DATA →
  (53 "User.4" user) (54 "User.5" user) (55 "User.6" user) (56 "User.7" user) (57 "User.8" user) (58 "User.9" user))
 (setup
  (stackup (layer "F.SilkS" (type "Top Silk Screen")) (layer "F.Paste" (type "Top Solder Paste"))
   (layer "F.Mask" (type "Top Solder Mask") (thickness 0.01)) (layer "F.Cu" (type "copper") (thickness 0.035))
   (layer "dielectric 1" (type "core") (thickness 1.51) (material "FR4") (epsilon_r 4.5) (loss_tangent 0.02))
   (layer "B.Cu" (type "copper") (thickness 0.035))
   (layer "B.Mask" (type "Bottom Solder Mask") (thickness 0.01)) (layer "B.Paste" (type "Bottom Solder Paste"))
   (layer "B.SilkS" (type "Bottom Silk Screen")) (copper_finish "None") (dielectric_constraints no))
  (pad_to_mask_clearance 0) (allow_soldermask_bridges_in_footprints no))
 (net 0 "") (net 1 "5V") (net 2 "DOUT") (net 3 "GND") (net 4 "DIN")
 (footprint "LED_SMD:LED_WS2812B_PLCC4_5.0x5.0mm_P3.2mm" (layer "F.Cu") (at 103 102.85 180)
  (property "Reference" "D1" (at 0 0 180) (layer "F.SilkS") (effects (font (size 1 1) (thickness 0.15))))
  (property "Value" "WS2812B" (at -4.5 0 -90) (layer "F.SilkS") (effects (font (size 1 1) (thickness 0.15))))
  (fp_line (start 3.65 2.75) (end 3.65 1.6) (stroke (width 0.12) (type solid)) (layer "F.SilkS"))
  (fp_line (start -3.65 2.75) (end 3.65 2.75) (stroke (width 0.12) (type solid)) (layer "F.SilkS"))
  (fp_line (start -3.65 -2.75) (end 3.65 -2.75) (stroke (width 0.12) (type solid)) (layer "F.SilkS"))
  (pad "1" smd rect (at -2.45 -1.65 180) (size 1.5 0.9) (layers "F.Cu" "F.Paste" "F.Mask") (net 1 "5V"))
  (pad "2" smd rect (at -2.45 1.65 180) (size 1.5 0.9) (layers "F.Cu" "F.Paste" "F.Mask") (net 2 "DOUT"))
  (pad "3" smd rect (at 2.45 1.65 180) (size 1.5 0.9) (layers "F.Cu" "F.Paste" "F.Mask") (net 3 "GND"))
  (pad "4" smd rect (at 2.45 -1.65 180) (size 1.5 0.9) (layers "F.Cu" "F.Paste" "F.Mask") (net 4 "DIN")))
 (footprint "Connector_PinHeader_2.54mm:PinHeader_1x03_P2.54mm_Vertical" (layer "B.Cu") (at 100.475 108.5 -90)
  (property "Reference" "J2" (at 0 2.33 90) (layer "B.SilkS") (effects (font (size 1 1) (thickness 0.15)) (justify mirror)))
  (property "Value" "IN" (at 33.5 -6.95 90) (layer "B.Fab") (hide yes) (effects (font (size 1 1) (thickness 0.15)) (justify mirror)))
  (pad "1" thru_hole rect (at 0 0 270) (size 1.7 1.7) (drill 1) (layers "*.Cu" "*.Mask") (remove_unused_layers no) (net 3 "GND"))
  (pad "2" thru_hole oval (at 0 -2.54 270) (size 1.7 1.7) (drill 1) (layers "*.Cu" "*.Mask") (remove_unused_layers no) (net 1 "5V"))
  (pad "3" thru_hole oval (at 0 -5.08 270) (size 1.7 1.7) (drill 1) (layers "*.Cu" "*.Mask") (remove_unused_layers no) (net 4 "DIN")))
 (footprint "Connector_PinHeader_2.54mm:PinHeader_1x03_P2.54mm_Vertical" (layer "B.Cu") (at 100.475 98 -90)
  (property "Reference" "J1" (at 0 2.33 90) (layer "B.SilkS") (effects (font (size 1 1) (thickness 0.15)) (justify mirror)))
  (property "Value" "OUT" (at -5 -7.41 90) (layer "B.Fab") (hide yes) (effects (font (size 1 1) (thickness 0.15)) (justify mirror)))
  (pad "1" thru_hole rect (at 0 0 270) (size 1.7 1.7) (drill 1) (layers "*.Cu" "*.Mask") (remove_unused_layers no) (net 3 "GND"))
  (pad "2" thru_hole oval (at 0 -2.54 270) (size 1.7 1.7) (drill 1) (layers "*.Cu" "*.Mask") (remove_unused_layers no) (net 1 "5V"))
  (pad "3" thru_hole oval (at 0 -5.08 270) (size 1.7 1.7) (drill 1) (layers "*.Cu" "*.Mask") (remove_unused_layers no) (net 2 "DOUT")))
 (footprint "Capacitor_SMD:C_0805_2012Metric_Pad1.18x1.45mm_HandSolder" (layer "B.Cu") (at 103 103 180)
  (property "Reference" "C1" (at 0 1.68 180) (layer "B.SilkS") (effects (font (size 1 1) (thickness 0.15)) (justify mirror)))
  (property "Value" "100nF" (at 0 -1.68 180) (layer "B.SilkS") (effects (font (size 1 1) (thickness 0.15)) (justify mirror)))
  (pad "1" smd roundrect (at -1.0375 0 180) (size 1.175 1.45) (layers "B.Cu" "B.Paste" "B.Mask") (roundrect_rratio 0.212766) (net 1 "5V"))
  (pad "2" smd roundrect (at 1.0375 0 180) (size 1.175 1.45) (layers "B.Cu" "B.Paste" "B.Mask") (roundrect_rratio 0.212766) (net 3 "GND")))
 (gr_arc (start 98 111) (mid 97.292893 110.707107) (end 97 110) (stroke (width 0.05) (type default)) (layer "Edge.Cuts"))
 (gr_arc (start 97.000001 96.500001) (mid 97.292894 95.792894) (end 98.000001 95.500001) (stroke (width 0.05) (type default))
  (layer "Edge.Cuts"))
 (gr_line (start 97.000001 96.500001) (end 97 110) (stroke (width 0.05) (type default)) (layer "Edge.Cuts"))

AIM OF THE TASK → Where a line of the material above holds the string "Edge", copy that line.

RESPONSE →
 (gr_arc (start 98 111) (mid 97.292893 110.707107) (end 97 110) (stroke (width 0.05) (type default)) (layer "Edge.Cuts"))
  (layer "Edge.Cuts"))
 (gr_line (start 97.000001 96.500001) (end 97 110) (stroke (width 0.05) (type default)) (layer "Edge.Cuts"))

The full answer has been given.